I do love pecan as well. Stuff is everywhere around here...hell, it should be the state tree for smoking meats! LOL!! Pecan is a member of the hickory trees...very close, but a little milder.


----------



## Smoking Allowed (Dec 23, 2021)

I can hardly wait for the fried up pics...


----------



## indaswamp (Dec 26, 2021)

Slicing the bacon tonight...
From this:





To this:





Can get a full slice with ease on my new slicer I bought for salumi.


----------



## SmokinEdge (Dec 26, 2021)

Looks excellent!
What’s the slicer? I fold my bacon in half like a “C” Then slice 12” or so slices on my 10” big bite slicer.


----------



## indaswamp (Dec 26, 2021)

It's the same slicer as the LEM big bite, but a different name on it....KWS


----------



## indaswamp (Dec 26, 2021)

First 20 or so slices, I had the slab turned the wrong way...fried some up and the slice was with the grain. does not matter on domestic, but on wild hog it was tough and chewy.
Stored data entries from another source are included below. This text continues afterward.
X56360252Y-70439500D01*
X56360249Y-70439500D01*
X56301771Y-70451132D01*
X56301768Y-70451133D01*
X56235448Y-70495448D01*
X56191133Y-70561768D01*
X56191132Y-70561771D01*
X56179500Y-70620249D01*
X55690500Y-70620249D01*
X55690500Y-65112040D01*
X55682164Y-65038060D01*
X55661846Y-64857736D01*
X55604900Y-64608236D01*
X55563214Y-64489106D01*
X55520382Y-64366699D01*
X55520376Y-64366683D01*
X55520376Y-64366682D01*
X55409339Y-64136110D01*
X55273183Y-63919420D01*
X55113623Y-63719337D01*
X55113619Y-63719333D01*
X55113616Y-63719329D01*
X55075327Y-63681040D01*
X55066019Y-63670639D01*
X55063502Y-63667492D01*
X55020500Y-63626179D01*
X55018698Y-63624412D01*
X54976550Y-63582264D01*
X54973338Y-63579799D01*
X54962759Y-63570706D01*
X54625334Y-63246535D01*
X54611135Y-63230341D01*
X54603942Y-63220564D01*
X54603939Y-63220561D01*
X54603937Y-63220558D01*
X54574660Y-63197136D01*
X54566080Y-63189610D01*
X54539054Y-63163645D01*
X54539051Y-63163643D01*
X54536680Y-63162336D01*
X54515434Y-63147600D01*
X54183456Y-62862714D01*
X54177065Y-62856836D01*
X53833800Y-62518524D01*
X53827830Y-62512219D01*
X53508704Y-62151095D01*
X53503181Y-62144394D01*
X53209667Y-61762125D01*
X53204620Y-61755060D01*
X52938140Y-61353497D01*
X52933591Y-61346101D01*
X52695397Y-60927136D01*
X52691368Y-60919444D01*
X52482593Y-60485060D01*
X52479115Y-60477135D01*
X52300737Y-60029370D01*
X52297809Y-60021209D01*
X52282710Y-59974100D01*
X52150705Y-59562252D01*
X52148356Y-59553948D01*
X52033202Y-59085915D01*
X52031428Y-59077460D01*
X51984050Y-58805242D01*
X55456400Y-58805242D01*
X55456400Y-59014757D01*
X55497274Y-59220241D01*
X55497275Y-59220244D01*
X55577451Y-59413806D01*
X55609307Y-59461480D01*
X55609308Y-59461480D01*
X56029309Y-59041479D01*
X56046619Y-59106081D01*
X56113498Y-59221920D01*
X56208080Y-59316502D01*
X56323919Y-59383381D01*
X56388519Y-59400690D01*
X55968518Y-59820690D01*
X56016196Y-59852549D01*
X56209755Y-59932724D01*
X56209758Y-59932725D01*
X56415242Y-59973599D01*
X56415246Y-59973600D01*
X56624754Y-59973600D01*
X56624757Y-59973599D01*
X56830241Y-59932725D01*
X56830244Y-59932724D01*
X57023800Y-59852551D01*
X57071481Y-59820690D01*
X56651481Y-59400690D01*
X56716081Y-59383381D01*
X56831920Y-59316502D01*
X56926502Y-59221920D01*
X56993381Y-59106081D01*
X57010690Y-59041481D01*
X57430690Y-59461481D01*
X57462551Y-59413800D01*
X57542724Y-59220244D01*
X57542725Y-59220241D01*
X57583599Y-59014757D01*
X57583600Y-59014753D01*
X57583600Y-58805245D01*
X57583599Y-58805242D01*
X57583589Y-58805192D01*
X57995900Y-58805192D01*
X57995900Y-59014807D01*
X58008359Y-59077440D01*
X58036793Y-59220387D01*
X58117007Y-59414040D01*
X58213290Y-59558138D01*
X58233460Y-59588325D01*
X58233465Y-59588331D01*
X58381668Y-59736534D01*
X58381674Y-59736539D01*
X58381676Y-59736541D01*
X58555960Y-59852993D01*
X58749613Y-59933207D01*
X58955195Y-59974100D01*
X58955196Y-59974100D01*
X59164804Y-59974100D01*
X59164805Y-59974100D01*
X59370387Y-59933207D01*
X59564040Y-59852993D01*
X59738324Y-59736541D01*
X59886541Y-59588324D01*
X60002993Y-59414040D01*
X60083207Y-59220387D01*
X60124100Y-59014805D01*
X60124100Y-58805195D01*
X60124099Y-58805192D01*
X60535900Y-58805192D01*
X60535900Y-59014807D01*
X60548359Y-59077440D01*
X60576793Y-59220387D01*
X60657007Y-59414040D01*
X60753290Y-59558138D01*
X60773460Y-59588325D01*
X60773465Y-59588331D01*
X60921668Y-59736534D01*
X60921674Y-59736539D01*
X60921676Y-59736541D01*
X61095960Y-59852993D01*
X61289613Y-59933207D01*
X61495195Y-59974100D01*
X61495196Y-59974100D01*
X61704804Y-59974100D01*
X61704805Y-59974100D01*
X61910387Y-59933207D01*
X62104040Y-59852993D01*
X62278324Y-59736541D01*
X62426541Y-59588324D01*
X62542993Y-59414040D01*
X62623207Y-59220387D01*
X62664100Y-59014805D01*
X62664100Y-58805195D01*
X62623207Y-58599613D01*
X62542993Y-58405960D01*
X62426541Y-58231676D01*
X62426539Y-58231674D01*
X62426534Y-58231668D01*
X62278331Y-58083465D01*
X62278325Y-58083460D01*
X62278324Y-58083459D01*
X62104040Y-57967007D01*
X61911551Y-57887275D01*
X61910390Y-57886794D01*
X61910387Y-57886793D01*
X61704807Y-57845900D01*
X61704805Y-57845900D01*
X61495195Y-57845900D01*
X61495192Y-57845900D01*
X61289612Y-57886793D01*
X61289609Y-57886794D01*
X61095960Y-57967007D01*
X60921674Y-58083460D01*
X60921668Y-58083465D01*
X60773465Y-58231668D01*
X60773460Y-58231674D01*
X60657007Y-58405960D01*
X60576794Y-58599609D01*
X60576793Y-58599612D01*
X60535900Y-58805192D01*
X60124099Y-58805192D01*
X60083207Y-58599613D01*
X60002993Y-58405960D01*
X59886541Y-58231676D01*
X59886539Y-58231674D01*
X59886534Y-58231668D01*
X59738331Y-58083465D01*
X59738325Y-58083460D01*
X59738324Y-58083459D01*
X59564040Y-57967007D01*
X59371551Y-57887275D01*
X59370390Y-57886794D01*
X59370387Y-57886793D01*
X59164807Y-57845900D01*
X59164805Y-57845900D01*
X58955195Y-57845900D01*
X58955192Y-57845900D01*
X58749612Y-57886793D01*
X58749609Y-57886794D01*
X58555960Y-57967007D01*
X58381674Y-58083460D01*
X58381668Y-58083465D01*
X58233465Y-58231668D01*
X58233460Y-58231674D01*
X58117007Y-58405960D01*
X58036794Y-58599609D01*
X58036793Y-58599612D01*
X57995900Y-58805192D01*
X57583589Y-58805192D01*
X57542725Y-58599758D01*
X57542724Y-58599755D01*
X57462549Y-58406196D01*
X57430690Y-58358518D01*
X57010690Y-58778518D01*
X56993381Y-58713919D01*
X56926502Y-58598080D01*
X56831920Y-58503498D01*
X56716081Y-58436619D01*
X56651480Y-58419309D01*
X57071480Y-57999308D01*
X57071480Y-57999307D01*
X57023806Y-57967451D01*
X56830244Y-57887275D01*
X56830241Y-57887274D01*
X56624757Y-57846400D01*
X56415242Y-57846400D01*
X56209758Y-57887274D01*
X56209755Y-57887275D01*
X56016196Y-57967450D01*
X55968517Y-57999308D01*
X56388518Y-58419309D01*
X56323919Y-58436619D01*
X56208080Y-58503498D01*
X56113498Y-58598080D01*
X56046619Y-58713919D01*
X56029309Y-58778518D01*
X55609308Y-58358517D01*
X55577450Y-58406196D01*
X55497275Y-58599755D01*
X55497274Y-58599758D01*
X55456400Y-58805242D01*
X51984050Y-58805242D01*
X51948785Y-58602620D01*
Turned the slab 90* and sliced against the grain....fried some up and it was much much better. Now I know....


----------



## indaswamp (Dec 26, 2021)

Folding into a "C" or a "U" works very well....I figured that out while I was slicing before I read your post......

I am heading out of town for my annual birthday hunting trip this week. When I return, I have 62# of Canadian bacon to smoke.


----------



## Cajun Smokes (Dec 26, 2021)

Nice slab Inda. Color isn't as dark as I thought it would be after a 4 day smoke lol, learned something new. Never had wild bacon but it has to be very good. I have always enjoyed wild pork.


----------



## indaswamp (Dec 26, 2021)

Thanks Cajun Smokes!


Cajun Smokes said:


> Color isn't as dark as I thought it would be after a 4 day smoke lol, learned something new.
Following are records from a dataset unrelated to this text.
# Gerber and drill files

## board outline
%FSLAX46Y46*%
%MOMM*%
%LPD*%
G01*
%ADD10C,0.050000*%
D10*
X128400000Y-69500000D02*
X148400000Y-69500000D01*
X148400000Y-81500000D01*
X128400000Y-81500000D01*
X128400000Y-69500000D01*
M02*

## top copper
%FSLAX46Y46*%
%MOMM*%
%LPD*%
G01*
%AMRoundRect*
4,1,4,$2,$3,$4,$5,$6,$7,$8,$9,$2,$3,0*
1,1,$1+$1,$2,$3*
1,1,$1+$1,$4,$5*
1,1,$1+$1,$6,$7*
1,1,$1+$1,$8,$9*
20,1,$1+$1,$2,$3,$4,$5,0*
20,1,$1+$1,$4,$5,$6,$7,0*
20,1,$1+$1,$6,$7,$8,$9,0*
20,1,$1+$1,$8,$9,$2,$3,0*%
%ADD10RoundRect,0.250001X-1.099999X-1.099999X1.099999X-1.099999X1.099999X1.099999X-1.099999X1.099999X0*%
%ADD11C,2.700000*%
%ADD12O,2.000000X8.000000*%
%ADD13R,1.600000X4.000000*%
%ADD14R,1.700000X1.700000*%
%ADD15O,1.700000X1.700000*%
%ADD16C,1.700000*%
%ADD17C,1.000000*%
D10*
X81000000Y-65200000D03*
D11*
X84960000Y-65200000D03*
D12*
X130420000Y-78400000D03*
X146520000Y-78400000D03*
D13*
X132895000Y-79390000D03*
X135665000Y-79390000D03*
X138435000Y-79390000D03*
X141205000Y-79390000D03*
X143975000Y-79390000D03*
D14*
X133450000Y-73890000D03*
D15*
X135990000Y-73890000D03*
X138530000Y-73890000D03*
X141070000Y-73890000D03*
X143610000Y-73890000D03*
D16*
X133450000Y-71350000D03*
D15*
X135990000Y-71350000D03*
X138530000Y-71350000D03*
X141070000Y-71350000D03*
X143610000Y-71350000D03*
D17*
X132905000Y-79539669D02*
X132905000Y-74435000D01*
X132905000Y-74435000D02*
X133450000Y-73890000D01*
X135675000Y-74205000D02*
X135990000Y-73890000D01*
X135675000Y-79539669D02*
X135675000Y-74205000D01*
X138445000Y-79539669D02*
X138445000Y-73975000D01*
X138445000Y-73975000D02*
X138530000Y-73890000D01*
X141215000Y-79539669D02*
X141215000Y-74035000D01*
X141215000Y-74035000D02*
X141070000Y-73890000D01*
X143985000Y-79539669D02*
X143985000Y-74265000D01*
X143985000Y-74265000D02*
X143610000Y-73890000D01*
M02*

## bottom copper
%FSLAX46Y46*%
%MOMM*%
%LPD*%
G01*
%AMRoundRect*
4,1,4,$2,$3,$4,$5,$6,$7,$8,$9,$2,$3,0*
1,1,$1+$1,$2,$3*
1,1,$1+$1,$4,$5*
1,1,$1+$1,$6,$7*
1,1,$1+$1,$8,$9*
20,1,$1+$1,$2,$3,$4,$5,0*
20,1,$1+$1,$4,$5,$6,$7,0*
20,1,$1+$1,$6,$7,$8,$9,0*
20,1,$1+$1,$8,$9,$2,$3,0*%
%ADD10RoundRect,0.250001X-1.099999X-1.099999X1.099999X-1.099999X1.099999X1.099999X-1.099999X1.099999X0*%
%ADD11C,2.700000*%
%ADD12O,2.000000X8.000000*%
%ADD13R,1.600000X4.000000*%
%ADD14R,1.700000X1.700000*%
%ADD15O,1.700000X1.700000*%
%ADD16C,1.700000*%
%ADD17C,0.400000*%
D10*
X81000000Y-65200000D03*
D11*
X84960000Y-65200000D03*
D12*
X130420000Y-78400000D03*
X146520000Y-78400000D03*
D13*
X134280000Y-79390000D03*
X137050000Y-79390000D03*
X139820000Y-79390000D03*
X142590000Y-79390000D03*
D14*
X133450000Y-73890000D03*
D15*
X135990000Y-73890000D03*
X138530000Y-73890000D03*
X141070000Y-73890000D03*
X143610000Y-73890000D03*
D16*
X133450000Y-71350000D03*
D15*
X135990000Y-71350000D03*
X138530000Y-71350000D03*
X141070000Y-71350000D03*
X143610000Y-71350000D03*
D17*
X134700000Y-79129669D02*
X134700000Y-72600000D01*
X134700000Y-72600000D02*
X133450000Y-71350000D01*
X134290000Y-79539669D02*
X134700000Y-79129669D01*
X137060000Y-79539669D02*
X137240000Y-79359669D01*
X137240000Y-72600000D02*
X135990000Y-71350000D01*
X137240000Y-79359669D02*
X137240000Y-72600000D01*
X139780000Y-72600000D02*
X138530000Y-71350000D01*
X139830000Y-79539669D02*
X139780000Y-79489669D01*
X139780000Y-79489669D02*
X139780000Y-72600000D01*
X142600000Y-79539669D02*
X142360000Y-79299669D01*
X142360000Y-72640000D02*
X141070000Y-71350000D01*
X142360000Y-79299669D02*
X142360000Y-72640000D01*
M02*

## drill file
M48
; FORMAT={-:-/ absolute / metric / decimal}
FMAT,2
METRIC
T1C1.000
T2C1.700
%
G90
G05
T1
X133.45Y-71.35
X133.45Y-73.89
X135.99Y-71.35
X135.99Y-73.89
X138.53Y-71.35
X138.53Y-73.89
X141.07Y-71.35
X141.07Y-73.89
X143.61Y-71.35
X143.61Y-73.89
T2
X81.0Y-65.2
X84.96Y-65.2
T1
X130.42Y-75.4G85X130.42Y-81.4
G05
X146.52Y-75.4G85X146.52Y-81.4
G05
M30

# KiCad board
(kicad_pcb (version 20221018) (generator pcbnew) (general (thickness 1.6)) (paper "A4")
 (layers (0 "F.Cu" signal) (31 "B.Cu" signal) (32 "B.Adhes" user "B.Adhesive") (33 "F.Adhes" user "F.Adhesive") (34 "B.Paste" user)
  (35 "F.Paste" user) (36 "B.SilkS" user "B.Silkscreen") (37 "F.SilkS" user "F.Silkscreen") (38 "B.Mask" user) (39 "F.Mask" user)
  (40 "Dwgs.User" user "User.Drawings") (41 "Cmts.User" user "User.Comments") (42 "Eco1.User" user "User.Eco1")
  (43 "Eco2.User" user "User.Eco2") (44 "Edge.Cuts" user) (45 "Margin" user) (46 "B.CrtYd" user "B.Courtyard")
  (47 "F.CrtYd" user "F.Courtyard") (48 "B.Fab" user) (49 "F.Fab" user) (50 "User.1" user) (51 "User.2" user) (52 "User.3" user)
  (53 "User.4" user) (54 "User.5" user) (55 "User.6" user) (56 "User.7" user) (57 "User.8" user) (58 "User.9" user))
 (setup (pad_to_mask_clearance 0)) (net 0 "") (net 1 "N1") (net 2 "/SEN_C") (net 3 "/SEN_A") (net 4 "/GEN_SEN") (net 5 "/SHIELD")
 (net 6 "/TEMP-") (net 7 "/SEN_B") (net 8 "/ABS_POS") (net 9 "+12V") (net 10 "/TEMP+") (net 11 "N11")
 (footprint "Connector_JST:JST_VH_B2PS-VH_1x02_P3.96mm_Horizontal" (layer "F.Cu") (at 81 65.2)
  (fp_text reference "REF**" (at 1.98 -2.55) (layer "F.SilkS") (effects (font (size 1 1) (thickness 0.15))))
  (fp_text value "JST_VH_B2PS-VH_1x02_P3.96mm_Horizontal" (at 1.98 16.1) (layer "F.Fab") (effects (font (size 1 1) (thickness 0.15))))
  (pad "1" thru_hole roundrect (at 0 0) (size 2.7 2.7) (drill 1.7) (layers "*.Cu" "*.Mask") (roundrect_rratio 0.092593))
  (pad "2" thru_hole circle (at 3.96 0) (size 2.7 2.7) (drill 1.7) (layers "*.Cu" "*.Mask")))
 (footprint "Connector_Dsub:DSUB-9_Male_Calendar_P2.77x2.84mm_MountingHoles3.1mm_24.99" (layer "F.Cu") (at 138.4 87)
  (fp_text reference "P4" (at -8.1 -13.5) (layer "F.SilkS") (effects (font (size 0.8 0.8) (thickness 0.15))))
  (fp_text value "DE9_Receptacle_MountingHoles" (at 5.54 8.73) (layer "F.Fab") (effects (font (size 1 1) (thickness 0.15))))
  (pad "0" thru_hole oval (at -7.98 -8.6) (size 2 8) (drill oval 1 7) (layers "*.Cu" "*.Mask") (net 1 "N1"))
  (pad "0" thru_hole oval (at 8.12 -8.6) (size 2 8) (drill oval 1 7) (layers "*.Cu" "*.Mask") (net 1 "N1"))
  (pad "1" smd rect (at -5.505 -7.61) (size 1.6 4) (layers "F.Cu" "F.Paste" "F.Mask") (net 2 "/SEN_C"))
  (pad "2" smd rect (at -2.735 -7.61) (size 1.6 4) (layers "F.Cu" "F.Paste" "F.Mask") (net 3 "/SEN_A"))
  (pad "3" smd rect (at 0.035 -7.61) (size 1.6 4) (layers "F.Cu" "F.Paste" "F.Mask") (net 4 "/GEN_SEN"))
  (pad "4" smd rect (at 2.805 -7.61) (size 1.6 4) (layers "F.Cu" "F.Paste" "F.Mask") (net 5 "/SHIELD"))
  (pad "5" smd rect (at 5.575 -7.61) (size 1.6 4) (layers "F.Cu" "F.Paste" "F.Mask") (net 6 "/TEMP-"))
  (pad "6" smd rect (at -4.12 -7.61) (size 1.6 4) (layers "B.Cu" "B.Paste" "B.Mask") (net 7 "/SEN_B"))
  (pad "7" smd rect (at -1.35 -7.61) (size 1.6 4) (layers "B.Cu" "B.Paste" "B.Mask") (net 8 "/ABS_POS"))
  (pad "8" smd rect (at 1.42 -7.61) (size 1.6 4) (layers "B.Cu" "B.Paste" "B.Mask") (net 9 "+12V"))
  (pad "9" smd rect (at 4.19 -7.61) (size 1.6 4) (layers "B.Cu" "B.Paste" "B.Mask") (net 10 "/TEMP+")))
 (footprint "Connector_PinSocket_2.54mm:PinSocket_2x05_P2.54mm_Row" (layer "F.Cu") (at 133.45 71.35 90)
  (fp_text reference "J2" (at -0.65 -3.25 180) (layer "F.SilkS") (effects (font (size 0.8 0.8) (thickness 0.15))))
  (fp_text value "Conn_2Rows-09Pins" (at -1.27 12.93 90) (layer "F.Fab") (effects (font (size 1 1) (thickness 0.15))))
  (pad "1" thru_hole rect (at -2.54 0 90) (size 1.7 1.7) (drill 1) (layers "*.Cu" "*.Mask") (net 2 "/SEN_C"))
  (pad "2" thru_hole oval (at -2.54 2.54 90) (size 1.7 1.7) (drill 1) (layers "*.Cu" "*.Mask") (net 3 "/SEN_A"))
  (pad "3" thru_hole oval (at -2.54 5.08 90) (size 1.7 1.7) (drill 1) (layers "*.Cu" "*.Mask") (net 4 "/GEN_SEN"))
  (pad "4" thru_hole oval (at -2.54 7.62 90) (size 1.7 1.7) (drill 1) (layers "*.Cu" "*.Mask") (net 5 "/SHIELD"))
  (pad "5" thru_hole oval (at -2.54 10.16 90) (size 1.7 1.7) (drill 1) (layers "*.Cu" "*.Mask") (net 6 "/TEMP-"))
  (pad "6" thru_hole circle (at 0 0 90) (size 1.7 1.7) (drill 1) (layers "*.Cu" "*.Mask") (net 7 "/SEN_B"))
  (pad "7" thru_hole oval (at 0 2.54 90) (size 1.7 1.7) (drill 1) (layers "*.Cu" "*.Mask") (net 8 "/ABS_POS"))
  (pad "8" thru_hole oval (at 0 5.08 90) (size 1.7 1.7) (drill 1) (layers "*.Cu" "*.Mask") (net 9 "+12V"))
  (pad "9" thru_hole oval (at 0 7.62 90) (size 1.7 1.7) (drill 1) (layers "*.Cu" "*.Mask") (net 10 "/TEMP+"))
  (pad "10" thru_hole oval (at 0 10.16 90) (size 1.7 1.7) (drill 1) (layers "*.Cu" "*.Mask") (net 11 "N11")))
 (gr_rect (start 128.4 69.5) (end 148.4 81.5) (stroke (width 0.05) (type default)) (fill none) (layer "Edge.Cuts"))
 (segment (start 132.905 79.539669) (end 132.905 74.435) (width 1) (layer "F.Cu") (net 2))
 (segment (start 132.905 74.435) (end 133.45 73.89) (width 1) (layer "F.Cu") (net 2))
 (segment (start 135.675 74.205) (end 135.99 73.89) (width 1) (layer "F.Cu") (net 3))
 (segment (start 135.675 79.539669) (end 135.675 74.205) (width 1) (layer "F.Cu") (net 3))
 (segment (start 138.445 79.539669) (end 138.445 73.975) (width 1) (layer "F.Cu") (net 4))
 (segment (start 138.445 73.975) (end 138.53 73.89) (width 1) (layer "F.Cu") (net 4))
 (segment (start 141.215 79.539669) (end 141.215 74.035) (width 1) (layer "F.Cu") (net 5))
 (segment (start 141.215 74.035) (end 141.07 73.89) (width 1) (layer "F.Cu") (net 5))
 (segment (start 143.985 79.539669) (end 143.985 74.265) (width 1) (layer "F.Cu") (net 6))
 (segment (start 143.985 74.265) (end 143.61 73.89) (width 1) (layer "F.Cu") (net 6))
 (segment (start 134.7 79.129669) (end 134.7 72.6) (width 0.4) (layer "B.Cu") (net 7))
 (segment (start 134.7 72.6) (end 133.45 71.35) (width 0.4) (layer "B.Cu") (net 7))
 (segment (start 134.29 79.539669) (end 134.7 79.129669) (width 0.4) (layer "B.Cu") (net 7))
 (segment (start 137.06 79.539669) (end 137.24 79.359669) (width 0.4) (layer "B.Cu") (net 8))
 (segment (start 137.24 72.6) (end 135.99 71.35) (width 0.4) (layer "B.Cu") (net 8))
 (segment (start 137.24 79.359669) (end 137.24 72.6) (width 0.4) (layer "B.Cu") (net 8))
 (segment (start 139.78 72.6) (end 138.53 71.35) (width 0.4) (layer "B.Cu") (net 9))
 (segment (start 139.83 79.539669) (end 139.78 79.489669) (width 0.4) (layer "B.Cu") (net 9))
 (segment (start 139.78 79.489669) (end 139.78 72.6) (width 0.4) (layer "B.Cu") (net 9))
 (segment (start 142.6 79.539669) (end 142.36 79.299669) (width 0.4) (layer "B.Cu") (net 10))
 (segment (start 142.36 72.64) (end 141.07 71.35) (width 0.4) (layer "B.Cu") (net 10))
 (segment (start 142.36 79.299669) (end 142.36 72.64) (width 0.4) (layer "B.Cu") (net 10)))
Cold smoking is done with a very small ember, and very, very thin blue smoke. You can barely see smoke coming out of the stack and if it is windy-forget it....you'd have to open the smoker.


----------



## DougE (Dec 26, 2021)

The bacon looks delicious, inda.


----------



## Brokenhandle (Dec 27, 2021)

Sure does look delicious! Good luck on your birthday hunt!

Ryan


----------